Thinking about it is so scary that sometimes I wonder if I should carry a weapon to protect myself from an imaginary event! I hate it when a dog just stares at me. As if I have stolen his bread or I have disturbed him while he romanced his girlfriend! It is scarier when you are stuck in an unknown territory and you find the mongrel has covered you from all the corners. One can very well imagine what would follow next!
Something I always keep in mind whenever I see a dog is that “Barking dogs seldom bite” and pray that it is true! I know panic is sudden frantic fear, often groundless but the negative experiences always create thoughts which lead to uncomfortable situation.
4. Fear of deep water
The depth of water always creates a barrier in enjoyment. Now a day, avoiding the water altogether is difficult. Whenever I am afraid in water, I always return to the point at which I am comfortable. I prefer to tag along with my buddies or relatives. Knowing my fear of water, they never leave me alone and that is comforting to a certain extent. However, deep water pretty much sums up how I feel in water over my head.

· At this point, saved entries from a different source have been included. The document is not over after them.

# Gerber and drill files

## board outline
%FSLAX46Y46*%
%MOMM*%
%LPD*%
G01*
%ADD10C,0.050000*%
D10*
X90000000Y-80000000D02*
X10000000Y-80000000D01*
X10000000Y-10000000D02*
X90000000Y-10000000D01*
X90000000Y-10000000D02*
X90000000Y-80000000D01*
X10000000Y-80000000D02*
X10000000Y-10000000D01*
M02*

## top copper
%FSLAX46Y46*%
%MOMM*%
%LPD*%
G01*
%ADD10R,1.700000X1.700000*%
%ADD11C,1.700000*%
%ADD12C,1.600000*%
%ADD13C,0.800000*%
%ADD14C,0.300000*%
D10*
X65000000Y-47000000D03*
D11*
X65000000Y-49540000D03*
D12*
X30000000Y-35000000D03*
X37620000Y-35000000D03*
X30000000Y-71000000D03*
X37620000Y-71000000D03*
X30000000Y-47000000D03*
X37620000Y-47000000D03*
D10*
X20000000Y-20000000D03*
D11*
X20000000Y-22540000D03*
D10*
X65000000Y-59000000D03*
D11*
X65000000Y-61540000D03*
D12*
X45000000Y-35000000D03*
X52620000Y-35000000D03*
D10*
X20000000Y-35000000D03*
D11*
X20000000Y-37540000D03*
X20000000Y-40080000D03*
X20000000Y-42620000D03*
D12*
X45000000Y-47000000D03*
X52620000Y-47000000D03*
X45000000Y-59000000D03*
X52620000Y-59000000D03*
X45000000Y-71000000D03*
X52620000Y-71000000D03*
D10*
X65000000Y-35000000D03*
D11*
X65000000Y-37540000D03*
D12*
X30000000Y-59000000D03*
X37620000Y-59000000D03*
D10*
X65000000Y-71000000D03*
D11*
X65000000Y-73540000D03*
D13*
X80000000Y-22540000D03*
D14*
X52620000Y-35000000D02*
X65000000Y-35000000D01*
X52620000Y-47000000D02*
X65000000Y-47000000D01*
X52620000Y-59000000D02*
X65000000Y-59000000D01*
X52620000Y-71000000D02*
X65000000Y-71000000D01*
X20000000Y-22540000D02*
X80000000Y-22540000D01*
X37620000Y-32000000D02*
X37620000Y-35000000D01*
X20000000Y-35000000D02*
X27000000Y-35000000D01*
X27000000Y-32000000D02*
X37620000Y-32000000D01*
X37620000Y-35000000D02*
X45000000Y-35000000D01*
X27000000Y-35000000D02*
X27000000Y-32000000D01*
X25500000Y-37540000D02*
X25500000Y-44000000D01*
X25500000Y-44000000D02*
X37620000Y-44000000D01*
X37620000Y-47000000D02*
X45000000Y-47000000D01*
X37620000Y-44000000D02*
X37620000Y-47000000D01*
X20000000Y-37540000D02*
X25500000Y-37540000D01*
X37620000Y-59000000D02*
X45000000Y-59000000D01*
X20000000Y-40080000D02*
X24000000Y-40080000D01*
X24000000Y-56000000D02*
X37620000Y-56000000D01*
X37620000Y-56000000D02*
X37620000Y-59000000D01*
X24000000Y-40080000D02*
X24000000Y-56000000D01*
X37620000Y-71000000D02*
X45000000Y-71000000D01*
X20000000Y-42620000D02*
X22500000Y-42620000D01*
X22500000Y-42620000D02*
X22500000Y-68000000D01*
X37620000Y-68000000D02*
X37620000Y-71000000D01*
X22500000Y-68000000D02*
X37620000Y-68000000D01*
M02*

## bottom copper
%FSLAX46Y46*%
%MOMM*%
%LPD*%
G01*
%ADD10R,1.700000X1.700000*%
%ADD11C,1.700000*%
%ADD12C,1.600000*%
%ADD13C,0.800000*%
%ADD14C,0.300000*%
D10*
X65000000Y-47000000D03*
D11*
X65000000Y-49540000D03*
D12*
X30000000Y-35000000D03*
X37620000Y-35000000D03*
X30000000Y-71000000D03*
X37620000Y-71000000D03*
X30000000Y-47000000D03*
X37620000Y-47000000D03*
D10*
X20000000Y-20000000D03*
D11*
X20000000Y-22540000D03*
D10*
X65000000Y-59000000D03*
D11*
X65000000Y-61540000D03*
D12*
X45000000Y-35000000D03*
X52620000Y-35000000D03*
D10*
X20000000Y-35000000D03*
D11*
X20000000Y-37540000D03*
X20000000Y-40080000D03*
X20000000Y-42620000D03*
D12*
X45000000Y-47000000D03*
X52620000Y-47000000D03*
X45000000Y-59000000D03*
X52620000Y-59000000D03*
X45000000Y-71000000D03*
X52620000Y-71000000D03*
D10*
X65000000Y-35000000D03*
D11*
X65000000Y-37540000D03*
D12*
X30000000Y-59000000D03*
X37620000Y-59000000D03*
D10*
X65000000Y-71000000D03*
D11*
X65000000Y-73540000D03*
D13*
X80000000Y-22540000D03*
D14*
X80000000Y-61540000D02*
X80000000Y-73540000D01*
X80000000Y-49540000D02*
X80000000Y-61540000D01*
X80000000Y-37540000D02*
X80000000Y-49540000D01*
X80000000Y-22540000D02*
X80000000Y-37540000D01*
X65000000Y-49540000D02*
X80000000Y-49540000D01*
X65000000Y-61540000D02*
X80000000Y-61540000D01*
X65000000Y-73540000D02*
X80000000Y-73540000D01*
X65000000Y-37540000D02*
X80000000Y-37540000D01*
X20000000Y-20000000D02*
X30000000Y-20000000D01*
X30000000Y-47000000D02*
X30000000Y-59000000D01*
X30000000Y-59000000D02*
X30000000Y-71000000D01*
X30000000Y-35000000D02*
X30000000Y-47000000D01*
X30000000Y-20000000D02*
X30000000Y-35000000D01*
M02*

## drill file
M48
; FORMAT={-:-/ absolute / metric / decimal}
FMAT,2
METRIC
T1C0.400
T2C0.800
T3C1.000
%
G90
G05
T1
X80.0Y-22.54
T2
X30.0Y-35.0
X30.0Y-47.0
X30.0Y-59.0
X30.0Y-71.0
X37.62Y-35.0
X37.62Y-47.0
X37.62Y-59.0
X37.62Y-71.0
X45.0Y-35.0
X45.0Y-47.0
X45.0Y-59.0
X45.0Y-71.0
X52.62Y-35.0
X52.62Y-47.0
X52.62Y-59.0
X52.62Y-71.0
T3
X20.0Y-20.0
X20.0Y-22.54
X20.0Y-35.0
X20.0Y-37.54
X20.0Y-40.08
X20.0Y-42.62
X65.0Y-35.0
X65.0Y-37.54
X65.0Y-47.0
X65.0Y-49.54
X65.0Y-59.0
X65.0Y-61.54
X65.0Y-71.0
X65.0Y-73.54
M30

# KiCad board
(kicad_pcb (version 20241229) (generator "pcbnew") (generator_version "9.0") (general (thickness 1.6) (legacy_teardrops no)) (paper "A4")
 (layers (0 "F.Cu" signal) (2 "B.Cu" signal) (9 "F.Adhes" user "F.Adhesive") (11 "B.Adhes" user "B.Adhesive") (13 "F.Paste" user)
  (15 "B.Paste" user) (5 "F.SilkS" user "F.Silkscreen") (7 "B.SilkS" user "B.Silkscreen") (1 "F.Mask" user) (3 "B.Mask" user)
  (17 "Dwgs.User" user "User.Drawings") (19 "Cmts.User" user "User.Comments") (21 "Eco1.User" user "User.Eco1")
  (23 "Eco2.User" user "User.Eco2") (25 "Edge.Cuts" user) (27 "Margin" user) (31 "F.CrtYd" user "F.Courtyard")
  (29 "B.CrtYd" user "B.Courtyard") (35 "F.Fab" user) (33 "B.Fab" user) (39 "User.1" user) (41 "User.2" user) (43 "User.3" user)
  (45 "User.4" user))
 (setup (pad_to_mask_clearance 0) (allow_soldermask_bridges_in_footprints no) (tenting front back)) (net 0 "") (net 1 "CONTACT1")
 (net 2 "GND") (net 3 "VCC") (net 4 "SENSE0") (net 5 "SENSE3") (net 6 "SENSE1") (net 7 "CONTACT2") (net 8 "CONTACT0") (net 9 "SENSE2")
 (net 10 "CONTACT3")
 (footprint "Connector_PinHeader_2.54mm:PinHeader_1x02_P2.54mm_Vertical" (layer "F.Cu") (at 65 47)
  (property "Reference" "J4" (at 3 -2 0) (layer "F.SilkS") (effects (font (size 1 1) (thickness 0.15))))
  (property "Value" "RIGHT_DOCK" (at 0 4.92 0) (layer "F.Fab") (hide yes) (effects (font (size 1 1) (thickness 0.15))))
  (pad "1" thru_hole rect (at 0 0) (size 1.7 1.7) (drill 1) (layers "*.Cu" "*.Mask") (remove_unused_layers no) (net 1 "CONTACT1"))
  (pad "2" thru_hole circle (at 0 2.54) (size 1.7 1.7) (drill 1) (layers "*.Cu" "*.Mask") (remove_unused_layers no) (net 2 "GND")))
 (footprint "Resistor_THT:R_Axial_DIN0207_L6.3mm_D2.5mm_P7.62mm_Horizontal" (layer "F.Cu") (at 30 35)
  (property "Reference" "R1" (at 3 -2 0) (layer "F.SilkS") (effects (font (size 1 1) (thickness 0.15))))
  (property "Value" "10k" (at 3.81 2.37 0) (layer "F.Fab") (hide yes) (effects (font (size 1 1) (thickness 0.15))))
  (pad "1" thru_hole circle (at 0 0) (size 1.6 1.6) (drill 0.8) (layers "*.Cu" "*.Mask") (remove_unused_layers no) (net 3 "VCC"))
  (pad "2" thru_hole circle (at 7.62 0) (size 1.6 1.6) (drill 0.8) (layers "*.Cu" "*.Mask") (remove_unused_layers no) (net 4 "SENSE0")))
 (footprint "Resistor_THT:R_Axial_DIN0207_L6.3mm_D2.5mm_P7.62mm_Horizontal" (layer "F.Cu") (at 30 71)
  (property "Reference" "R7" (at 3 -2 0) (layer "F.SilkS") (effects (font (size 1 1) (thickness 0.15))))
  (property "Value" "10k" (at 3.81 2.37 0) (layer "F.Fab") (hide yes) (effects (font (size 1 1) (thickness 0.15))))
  (pad "1" thru_hole circle (at 0 0) (size 1.6 1.6) (drill 0.8) (layers "*.Cu" "*.Mask") (remove_unused_layers no) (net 3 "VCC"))
  (pad "2" thru_hole circle (at 7.62 0) (size 1.6 1.6) (drill 0.8) (layers "*.Cu" "*.Mask") (remove_unused_layers no) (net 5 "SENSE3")))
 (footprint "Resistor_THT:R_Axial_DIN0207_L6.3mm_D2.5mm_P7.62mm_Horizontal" (layer "F.Cu") (at 30 47)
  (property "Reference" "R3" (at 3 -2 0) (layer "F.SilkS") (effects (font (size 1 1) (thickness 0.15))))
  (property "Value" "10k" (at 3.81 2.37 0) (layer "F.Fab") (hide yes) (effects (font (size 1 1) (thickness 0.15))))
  (pad "1" thru_hole circle (at 0 0) (size 1.6 1.6) (drill 0.8) (layers "*.Cu" "*.Mask") (remove_unused_layers no) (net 3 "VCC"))
  (pad "2" thru_hole circle (at 7.62 0) (size 1.6 1.6) (drill 0.8) (layers "*.Cu" "*.Mask") (remove_unused_layers no) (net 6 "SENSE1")))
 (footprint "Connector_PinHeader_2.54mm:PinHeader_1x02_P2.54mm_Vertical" (layer "F.Cu") (at 20 20)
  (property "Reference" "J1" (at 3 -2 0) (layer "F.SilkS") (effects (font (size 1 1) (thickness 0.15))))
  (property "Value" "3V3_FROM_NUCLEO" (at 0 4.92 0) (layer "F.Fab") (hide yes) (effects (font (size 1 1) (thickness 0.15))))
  (pad "1" thru_hole rect (at 0 0) (size 1.7 1.7) (drill 1) (layers "*.Cu" "*.Mask") (remove_unused_layers no) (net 3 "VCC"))
  (pad "2" thru_hole circle (at 0 2.54) (size 1.7 1.7) (drill 1) (layers "*.Cu" "*.Mask") (remove_unused_layers no) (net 2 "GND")))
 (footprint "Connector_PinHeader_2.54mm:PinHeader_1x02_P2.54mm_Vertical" (layer "F.Cu") (at 65 59)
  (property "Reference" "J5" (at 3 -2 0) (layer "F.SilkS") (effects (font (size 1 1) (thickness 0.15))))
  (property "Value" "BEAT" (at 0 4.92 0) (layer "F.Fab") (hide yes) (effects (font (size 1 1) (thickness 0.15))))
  (pad "1" thru_hole rect (at 0 0) (size 1.7 1.7) (drill 1) (layers "*.Cu" "*.Mask") (remove_unused_layers no) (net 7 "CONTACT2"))
  (pad "2" thru_hole circle (at 0 2.54) (size 1.7 1.7) (drill 1) (layers "*.Cu" "*.Mask") (remove_unused_layers no) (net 2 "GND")))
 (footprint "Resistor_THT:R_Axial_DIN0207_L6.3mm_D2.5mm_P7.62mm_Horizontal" (layer "F.Cu") (at 45 35)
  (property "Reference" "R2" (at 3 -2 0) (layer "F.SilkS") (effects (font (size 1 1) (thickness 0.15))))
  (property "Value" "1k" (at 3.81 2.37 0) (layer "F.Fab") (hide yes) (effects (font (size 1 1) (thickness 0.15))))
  (pad "1" thru_hole circle (at 0 0) (size 1.6 1.6) (drill 0.8) (layers "*.Cu" "*.Mask") (remove_unused_layers no) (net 4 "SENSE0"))
  (pad "2" thru_hole circle (at 7.62 0) (size 1.6 1.6) (drill 0.8) (layers "*.Cu" "*.Mask") (remove_unused_layers no) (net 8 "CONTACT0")))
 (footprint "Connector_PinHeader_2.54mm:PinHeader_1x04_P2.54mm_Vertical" (layer "F.Cu") (at 20 35)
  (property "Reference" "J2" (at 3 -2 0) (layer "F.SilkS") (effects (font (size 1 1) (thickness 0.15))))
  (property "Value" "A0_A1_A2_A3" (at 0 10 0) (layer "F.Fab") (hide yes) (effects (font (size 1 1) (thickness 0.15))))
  (pad "1" thru_hole rect (at 0 0) (size 1.7 1.7) (drill 1) (layers "*.Cu" "*.Mask") (remove_unused_layers no) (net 4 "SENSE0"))
  (pad "2" thru_hole circle (at 0 2.54) (size 1.7 1.7) (drill 1) (layers "*.Cu" "*.Mask") (remove_unused_layers no) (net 6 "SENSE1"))
  (pad "3" thru_hole circle (at 0 5.08) (size 1.7 1.7) (drill 1) (layers "*.Cu" "*.Mask") (remove_unused_layers no) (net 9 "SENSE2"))
  (pad "4" thru_hole circle (at 0 7.62) (size 1.7 1.7) (drill 1) (layers "*.Cu" "*.Mask") (remove_unused_layers no) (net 5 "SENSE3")))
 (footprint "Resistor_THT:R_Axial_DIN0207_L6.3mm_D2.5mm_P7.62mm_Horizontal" (layer "F.Cu") (at 45 47)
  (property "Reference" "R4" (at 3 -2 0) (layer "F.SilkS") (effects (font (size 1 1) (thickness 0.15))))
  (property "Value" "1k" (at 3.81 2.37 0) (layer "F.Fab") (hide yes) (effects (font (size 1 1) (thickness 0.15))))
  (pad "1" thru_hole circle (at 0 0) (size 1.6 1.6) (drill 0.8) (layers "*.Cu" "*.Mask") (remove_unused_layers no) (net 6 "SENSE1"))
  (pad "2" thru_hole circle (at 7.62 0) (size 1.6 1.6) (drill 0.8) (layers "*.Cu" "*.Mask") (remove_unused_layers no) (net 1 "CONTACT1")))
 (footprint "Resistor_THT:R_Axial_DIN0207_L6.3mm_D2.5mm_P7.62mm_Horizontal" (layer "F.Cu") (at 45 59)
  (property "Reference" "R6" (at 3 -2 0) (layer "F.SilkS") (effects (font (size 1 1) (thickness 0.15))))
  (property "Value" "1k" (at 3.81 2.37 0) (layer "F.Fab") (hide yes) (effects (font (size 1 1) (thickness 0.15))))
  (pad "1" thru_hole circle (at 0 0) (size 1.6 1.6) (drill 0.8) (layers "*.Cu" "*.Mask") (remove_unused_layers no) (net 9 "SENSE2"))
  (pad "2" thru_hole circle (at 7.62 0) (size 1.6 1.6) (drill 0.8) (layers "*.Cu" "*.Mask") (remove_unused_layers no) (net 7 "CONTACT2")))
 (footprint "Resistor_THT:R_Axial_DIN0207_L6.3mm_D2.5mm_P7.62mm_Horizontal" (layer "F.Cu") (at 45 71)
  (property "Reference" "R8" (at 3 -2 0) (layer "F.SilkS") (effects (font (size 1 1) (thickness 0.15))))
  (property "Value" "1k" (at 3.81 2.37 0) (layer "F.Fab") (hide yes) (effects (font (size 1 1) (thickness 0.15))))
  (pad "1" thru_hole circle (at 0 0) (size 1.6 1.6) (drill 0.8) (layers "*.Cu" "*.Mask") (remove_unused_layers no) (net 5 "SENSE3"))
  (pad "2" thru_hole circle (at 7.62 0) (size 1.6 1.6) (drill 0.8) (layers "*.Cu" "*.Mask") (remove_unused_layers no) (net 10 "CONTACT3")))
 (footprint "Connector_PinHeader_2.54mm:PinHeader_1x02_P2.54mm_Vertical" (layer "F.Cu") (at 65 35)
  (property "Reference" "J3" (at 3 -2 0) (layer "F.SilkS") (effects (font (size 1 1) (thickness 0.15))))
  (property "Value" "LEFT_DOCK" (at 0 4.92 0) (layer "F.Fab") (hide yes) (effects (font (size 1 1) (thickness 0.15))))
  (pad "1" thru_hole rect (at 0 0) (size 1.7 1.7) (drill 1) (layers "*.Cu" "*.Mask") (remove_unused_layers no) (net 8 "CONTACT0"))
  (pad "2" thru_hole circle (at 0 2.54) (size 1.7 1.7) (drill 1) (layers "*.Cu" "*.Mask") (remove_unused_layers no) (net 2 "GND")))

I remember the day when I had jumped into a pool like everyone else, but the moment I hit the water, I realised how deep it was. , I panicked, my heart throbbed like it would burst and, I could not breathe. I was not able to control my body. The force of the water pulled me downwards and I felt water entering in to my body through my nose and mouth. My throat started to tighten and I struggled to find support, but no one was near. Now my eyes were silently closing and I was losing my control over my body. I felt that I would not survive. Memories of my whole life played out before my eyes, before everything became dark and I passed out...When I regained consciousness, I found my friend was pumping my stomach to drain all the water that I had swallowed. It was a harrowing experience, and I can never forget the ordeal. .
5. Fear of Marriage
I know that this sounds strange. How can someone have the fear of marriage? Yes, may be I am the unique sample in society! Birth and death is not certain but still people get into relationships and on death, every relationship is left behind. The reason behind this fear may be due to fear of emulating parents’ marriage and unknown. We spend a whole lifetime performing our responsibilities and finally leave everyone behind..
It does not mean that I cannot perform the social responsibility in requisite manner. I know that we are living in a society which forces to engage with someone. Why is it so necessary? Why can’t a person live alone? Everyone has belief that such thought may not take us far in life but I have spent many years alone happily on this path. I have seen real life examples, who are engaged but still they are not happy with life. It may be due to clashes between couples, financial problem to meet family needs, clashes with parents, unable to make themselves as middleman between spouse and parents, constant worry about children and their career, etc. Moreover, my friend just got divorced, which has further fueled my fear. I know that it is obvious that relationships will always be in trouble due to different mindsets but if the couple loves each other, then this can be avoided, because every relation requires understanding, faith, patience and adjustment. Couples live just because the relationship has been made and not out of love. So I feel scared. What if I am not able to honor my engagement? Yes, I am afraid of getting trapped in something from which I can’t get out of, afraid of fights with my partner, afraid of being emotionally hurt and afraid of being cheated, even though that person is unknown now..
I wonder if I should have done things differently, thinking of all the time and the situation I have lost. And it is this that holds me back. Forgetting isn’t enough.
Does this inner dialogue sound familiar to anyone?